Task to carry out:
The lines from the start of the data through the line with "X211800000Y-131181250D01*" are to be returned verbatim; all later lines are to be omitted.

[Saved data entries]

--------------------

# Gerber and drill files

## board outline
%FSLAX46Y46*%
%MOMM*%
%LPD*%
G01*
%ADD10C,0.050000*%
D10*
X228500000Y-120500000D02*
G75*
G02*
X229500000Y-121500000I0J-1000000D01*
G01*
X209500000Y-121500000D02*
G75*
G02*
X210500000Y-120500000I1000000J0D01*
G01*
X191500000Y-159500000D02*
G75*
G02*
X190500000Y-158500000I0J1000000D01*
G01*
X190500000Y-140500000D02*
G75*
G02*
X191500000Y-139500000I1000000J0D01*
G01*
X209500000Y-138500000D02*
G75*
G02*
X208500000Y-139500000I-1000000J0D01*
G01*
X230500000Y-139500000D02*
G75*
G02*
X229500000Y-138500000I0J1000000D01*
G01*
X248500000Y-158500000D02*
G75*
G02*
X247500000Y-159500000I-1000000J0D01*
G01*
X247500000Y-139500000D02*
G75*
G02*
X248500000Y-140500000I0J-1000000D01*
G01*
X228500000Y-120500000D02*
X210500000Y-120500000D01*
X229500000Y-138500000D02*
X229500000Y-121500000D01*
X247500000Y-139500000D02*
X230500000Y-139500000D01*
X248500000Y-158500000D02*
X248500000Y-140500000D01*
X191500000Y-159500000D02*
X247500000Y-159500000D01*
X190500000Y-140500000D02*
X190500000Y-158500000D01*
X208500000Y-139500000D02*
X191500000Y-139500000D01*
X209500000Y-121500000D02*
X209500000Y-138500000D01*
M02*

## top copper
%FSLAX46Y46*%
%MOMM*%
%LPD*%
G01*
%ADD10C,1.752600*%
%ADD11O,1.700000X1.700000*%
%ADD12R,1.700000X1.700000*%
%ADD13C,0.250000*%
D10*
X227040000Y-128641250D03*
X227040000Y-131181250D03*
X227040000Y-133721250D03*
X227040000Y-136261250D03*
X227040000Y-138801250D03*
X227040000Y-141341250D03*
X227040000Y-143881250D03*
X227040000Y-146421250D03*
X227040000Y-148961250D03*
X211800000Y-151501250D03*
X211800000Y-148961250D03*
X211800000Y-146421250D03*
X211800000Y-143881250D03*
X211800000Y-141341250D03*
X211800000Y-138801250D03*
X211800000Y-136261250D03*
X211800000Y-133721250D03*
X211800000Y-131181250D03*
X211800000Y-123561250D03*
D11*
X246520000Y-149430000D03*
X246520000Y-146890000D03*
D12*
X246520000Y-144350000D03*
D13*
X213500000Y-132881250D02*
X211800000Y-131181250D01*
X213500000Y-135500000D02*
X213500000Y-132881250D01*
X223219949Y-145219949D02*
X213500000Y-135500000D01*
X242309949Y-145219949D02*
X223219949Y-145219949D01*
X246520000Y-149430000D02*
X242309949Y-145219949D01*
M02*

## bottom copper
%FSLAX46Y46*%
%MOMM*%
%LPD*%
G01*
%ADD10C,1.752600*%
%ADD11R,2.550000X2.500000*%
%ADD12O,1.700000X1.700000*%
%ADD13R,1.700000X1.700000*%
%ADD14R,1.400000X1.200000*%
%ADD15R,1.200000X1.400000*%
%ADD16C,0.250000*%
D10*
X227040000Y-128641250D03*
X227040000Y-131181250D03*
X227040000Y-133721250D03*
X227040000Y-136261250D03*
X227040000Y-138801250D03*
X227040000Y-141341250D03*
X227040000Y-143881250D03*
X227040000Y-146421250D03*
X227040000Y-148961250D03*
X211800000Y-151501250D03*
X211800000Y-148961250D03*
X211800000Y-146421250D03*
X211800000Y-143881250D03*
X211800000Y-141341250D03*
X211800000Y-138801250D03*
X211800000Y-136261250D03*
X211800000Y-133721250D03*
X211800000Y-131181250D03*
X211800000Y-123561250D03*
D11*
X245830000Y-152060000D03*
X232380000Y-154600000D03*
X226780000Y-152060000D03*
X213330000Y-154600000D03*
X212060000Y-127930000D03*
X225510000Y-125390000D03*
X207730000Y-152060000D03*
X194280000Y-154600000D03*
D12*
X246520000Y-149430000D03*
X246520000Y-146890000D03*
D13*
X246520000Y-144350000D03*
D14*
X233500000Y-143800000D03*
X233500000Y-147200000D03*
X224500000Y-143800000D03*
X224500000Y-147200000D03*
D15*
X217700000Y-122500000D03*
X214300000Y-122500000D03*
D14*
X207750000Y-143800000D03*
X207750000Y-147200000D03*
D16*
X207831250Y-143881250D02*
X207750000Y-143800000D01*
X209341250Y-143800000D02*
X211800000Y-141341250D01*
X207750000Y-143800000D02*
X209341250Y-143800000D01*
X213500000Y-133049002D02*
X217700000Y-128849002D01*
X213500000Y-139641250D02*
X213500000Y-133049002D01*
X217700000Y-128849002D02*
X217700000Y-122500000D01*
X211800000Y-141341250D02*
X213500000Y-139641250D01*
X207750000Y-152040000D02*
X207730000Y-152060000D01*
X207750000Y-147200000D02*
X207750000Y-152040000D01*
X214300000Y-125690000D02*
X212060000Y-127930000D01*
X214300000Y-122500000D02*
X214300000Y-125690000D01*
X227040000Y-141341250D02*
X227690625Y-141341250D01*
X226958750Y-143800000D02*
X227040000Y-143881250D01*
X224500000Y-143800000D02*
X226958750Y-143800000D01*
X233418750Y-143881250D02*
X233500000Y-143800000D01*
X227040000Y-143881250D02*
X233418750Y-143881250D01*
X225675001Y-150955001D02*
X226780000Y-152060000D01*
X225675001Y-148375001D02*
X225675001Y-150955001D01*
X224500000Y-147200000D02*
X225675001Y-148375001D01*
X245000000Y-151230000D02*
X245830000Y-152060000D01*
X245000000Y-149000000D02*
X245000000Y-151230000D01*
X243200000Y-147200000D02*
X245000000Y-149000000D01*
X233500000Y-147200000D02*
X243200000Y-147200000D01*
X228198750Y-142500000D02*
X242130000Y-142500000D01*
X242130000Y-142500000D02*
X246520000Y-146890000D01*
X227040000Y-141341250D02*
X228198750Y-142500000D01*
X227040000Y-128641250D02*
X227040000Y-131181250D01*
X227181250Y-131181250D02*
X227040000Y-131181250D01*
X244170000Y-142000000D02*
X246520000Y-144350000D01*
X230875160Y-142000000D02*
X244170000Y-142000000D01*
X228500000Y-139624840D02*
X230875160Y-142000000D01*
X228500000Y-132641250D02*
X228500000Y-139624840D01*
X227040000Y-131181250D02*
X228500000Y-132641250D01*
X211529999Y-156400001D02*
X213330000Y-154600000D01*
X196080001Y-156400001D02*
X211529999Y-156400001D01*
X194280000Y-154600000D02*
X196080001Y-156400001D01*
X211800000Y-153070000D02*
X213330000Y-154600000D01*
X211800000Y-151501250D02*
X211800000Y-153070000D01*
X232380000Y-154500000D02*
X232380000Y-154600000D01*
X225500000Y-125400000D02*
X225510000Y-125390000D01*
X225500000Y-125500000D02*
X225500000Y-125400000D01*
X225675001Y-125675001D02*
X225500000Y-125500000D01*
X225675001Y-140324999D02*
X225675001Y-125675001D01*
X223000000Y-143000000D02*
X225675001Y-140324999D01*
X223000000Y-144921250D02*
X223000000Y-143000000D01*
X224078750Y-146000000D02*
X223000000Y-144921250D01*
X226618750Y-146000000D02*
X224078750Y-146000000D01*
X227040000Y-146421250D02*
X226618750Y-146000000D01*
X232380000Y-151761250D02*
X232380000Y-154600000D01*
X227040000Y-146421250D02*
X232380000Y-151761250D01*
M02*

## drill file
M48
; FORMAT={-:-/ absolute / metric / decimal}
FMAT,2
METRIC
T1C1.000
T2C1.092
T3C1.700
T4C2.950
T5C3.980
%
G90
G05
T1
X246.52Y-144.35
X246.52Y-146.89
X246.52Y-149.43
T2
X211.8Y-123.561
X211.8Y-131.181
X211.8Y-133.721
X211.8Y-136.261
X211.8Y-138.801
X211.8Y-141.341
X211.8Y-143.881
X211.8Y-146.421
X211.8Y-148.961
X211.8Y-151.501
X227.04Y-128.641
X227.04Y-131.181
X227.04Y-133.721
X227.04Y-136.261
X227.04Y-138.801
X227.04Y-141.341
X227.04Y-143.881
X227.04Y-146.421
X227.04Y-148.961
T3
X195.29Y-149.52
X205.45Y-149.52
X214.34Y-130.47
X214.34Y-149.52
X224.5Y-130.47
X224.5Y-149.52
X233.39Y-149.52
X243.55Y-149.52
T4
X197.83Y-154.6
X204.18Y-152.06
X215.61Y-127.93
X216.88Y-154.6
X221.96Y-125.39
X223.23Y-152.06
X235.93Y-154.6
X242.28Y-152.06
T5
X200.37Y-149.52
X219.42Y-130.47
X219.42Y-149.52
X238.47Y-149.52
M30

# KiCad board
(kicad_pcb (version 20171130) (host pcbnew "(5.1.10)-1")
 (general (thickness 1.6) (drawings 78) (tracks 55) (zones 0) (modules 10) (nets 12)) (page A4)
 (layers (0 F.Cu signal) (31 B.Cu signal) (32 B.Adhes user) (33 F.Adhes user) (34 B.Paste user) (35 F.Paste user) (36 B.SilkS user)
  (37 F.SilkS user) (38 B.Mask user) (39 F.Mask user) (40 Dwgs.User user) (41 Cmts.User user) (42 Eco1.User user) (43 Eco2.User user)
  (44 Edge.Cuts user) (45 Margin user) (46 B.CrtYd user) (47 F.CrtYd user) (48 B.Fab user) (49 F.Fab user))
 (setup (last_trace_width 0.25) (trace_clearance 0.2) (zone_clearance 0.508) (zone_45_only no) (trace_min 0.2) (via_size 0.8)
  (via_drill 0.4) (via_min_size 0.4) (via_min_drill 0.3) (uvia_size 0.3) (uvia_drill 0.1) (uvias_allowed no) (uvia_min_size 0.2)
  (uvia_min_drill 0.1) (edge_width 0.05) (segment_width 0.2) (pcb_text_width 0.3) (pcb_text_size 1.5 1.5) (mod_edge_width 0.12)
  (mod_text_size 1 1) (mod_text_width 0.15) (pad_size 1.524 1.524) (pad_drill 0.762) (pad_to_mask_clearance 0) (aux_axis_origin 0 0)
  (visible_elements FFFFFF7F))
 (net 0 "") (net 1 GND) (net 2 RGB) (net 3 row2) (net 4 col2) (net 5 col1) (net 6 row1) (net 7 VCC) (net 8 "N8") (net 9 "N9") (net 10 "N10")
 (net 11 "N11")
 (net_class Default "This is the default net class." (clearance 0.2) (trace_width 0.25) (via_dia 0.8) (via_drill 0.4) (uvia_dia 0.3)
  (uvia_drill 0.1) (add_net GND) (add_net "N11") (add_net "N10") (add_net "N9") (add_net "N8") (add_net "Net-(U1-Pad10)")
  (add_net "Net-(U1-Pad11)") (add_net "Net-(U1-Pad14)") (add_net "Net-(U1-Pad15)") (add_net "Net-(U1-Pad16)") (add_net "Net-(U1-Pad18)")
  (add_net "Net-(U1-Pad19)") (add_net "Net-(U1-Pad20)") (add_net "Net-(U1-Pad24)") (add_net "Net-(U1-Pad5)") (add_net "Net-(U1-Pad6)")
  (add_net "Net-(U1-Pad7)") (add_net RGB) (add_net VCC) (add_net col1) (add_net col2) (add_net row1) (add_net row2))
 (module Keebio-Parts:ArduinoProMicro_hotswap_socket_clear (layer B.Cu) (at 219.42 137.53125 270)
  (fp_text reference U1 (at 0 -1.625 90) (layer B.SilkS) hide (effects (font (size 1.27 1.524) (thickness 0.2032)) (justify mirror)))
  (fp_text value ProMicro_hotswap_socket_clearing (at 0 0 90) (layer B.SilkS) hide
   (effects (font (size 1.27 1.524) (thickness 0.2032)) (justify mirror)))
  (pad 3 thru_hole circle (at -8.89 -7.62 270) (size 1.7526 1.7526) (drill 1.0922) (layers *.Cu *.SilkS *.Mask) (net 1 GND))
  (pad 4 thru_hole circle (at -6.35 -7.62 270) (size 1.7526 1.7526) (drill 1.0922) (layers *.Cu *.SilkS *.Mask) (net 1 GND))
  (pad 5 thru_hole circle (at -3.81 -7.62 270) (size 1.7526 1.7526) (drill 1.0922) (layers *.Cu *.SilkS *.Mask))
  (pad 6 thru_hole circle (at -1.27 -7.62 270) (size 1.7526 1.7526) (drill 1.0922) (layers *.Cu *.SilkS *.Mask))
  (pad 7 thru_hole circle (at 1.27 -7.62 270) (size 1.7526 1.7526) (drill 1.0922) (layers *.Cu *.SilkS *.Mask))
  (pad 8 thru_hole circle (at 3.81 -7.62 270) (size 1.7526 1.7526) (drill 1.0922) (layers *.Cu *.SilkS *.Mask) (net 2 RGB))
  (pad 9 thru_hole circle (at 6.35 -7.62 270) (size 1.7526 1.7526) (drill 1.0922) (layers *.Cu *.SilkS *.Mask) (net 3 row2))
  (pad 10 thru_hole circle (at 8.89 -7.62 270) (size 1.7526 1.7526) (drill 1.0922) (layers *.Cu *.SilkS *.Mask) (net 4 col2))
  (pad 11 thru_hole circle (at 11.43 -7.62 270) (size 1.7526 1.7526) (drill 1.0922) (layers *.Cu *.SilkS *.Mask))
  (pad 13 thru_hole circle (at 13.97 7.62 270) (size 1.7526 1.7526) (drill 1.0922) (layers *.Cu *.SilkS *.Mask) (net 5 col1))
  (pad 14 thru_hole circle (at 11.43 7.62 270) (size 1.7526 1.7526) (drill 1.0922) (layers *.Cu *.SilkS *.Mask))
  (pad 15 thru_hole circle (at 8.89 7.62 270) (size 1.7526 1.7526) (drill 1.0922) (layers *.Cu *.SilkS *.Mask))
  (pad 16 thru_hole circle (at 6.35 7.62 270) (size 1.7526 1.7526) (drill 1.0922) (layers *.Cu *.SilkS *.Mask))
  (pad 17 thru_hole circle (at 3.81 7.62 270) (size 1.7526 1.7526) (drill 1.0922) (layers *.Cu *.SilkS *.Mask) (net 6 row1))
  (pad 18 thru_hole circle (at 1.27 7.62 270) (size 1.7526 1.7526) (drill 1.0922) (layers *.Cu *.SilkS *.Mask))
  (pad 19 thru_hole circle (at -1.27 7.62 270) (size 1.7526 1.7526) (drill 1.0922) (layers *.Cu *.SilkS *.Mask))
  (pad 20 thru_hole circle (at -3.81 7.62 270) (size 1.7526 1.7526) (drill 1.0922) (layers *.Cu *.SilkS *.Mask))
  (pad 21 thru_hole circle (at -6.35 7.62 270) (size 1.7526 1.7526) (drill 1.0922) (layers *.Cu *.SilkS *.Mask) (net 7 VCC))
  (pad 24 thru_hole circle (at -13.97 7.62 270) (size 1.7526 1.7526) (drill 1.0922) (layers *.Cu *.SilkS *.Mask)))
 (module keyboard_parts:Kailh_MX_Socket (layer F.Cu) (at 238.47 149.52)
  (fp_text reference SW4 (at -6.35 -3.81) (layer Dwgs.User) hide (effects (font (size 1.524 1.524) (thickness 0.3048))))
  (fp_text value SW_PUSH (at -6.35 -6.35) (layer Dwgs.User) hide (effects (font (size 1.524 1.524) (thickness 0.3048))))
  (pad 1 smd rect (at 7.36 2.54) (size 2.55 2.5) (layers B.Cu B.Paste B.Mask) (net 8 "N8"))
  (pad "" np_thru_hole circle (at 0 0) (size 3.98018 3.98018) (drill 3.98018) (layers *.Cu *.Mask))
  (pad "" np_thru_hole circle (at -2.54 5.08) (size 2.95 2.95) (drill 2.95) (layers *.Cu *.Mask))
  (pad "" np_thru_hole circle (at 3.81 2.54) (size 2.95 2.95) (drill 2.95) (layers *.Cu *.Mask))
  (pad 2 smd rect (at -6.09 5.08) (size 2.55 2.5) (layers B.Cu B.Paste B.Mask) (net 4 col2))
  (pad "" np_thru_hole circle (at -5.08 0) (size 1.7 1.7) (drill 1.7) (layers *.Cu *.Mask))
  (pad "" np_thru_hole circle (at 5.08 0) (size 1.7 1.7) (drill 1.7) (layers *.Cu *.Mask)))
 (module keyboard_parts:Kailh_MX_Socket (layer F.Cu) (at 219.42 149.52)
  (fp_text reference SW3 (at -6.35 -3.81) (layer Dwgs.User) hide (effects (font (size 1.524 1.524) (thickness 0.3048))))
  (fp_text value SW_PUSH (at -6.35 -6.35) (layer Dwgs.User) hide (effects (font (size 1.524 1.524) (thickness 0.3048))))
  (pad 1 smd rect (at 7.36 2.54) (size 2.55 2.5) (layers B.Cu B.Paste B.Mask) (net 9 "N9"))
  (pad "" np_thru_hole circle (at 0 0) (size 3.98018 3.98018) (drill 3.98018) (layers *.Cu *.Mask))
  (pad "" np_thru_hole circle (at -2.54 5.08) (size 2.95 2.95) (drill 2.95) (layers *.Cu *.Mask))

--------------------

Task result:
# Gerber and drill files

## board outline
%FSLAX46Y46*%
%MOMM*%
%LPD*%
G01*
%ADD10C,0.050000*%
D10*
X228500000Y-120500000D02*
G75*
G02*
X229500000Y-121500000I0J-1000000D01*
G01*
X209500000Y-121500000D02*
G75*
G02*
X210500000Y-120500000I1000000J0D01*
G01*
X191500000Y-159500000D02*
G75*
G02*
X190500000Y-158500000I0J1000000D01*
G01*
X190500000Y-140500000D02*
G75*
G02*
X191500000Y-139500000I1000000J0D01*
G01*
X209500000Y-138500000D02*
G75*
G02*
X208500000Y-139500000I-1000000J0D01*
G01*
X230500000Y-139500000D02*
G75*
G02*
X229500000Y-138500000I0J1000000D01*
G01*
X248500000Y-158500000D02*
G75*
G02*
X247500000Y-159500000I-1000000J0D01*
G01*
X247500000Y-139500000D02*
G75*
G02*
X248500000Y-140500000I0J-1000000D01*
G01*
X228500000Y-120500000D02*
X210500000Y-120500000D01*
X229500000Y-138500000D02*
X229500000Y-121500000D01*
X247500000Y-139500000D02*
X230500000Y-139500000D01*
X248500000Y-158500000D02*
X248500000Y-140500000D01*
X191500000Y-159500000D02*
X247500000Y-159500000D01*
X190500000Y-140500000D02*
X190500000Y-158500000D01*
X208500000Y-139500000D02*
X191500000Y-139500000D01*
X209500000Y-121500000D02*
X209500000Y-138500000D01*
M02*

## top copper
%FSLAX46Y46*%
%MOMM*%
%LPD*%
G01*
%ADD10C,1.752600*%
%ADD11O,1.700000X1.700000*%
%ADD12R,1.700000X1.700000*%
%ADD13C,0.250000*%
D10*
X227040000Y-128641250D03*
X227040000Y-131181250D03*
X227040000Y-133721250D03*
X227040000Y-136261250D03*
X227040000Y-138801250D03*
X227040000Y-141341250D03*
X227040000Y-143881250D03*
X227040000Y-146421250D03*
X227040000Y-148961250D03*
X211800000Y-151501250D03*
X211800000Y-148961250D03*
X211800000Y-146421250D03*
X211800000Y-143881250D03*
X211800000Y-141341250D03*
X211800000Y-138801250D03*
X211800000Y-136261250D03*
X211800000Y-133721250D03*
X211800000Y-131181250D03*
X211800000Y-123561250D03*
D11*
X246520000Y-149430000D03*
X246520000Y-146890000D03*
D12*
X246520000Y-144350000D03*
D13*
X213500000Y-132881250D02*
X211800000Y-131181250D01*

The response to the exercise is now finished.